■ Directions ■
Output the opening lines of the records exactly. End with the line that contains "(kicad_pcb (version 20221018)".

■ Exercise material ■
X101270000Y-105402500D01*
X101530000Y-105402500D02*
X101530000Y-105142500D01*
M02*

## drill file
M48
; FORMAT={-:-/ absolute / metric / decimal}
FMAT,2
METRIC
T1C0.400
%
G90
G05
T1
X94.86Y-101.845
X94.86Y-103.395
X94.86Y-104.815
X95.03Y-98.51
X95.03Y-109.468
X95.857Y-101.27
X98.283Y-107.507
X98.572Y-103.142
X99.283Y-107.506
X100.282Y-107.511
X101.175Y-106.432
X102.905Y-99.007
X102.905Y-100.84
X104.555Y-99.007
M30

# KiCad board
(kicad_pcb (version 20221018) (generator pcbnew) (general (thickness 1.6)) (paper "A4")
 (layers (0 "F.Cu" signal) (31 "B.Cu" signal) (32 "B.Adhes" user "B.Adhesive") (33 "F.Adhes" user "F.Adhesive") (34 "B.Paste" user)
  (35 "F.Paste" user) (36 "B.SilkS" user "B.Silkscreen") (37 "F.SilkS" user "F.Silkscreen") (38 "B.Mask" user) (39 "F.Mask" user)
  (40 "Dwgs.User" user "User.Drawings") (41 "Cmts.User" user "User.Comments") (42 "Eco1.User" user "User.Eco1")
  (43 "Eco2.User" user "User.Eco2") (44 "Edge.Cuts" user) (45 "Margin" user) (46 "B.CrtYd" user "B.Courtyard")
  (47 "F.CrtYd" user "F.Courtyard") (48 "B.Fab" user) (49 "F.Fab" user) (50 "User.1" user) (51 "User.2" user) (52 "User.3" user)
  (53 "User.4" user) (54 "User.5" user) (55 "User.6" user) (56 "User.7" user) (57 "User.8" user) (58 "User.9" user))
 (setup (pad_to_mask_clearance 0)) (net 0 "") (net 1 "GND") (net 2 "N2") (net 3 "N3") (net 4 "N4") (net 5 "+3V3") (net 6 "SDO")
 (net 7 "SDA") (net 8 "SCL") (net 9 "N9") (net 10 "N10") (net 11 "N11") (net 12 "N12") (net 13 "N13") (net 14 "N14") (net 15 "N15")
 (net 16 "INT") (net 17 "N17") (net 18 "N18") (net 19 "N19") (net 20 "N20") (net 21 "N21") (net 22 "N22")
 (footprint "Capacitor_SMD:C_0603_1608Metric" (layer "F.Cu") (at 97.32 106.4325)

■ Output below ■
X101270000Y-105402500D01*
X101530000Y-105402500D02*
X101530000Y-105142500D01*
M02*

## drill file
M48
; FORMAT={-:-/ absolute / metric / decimal}
FMAT,2
METRIC
T1C0.400
%
G90
G05
T1
X94.86Y-101.845
X94.86Y-103.395
X94.86Y-104.815
X95.03Y-98.51
X95.03Y-109.468
X95.857Y-101.27
X98.283Y-107.507
X98.572Y-103.142
X99.283Y-107.506
X100.282Y-107.511
X101.175Y-106.432
X102.905Y-99.007
X102.905Y-100.84
X104.555Y-99.007
M30

# KiCad board
(kicad_pcb (version 20221018) (generator pcbnew) (general (thickness 1.6)) (paper "A4")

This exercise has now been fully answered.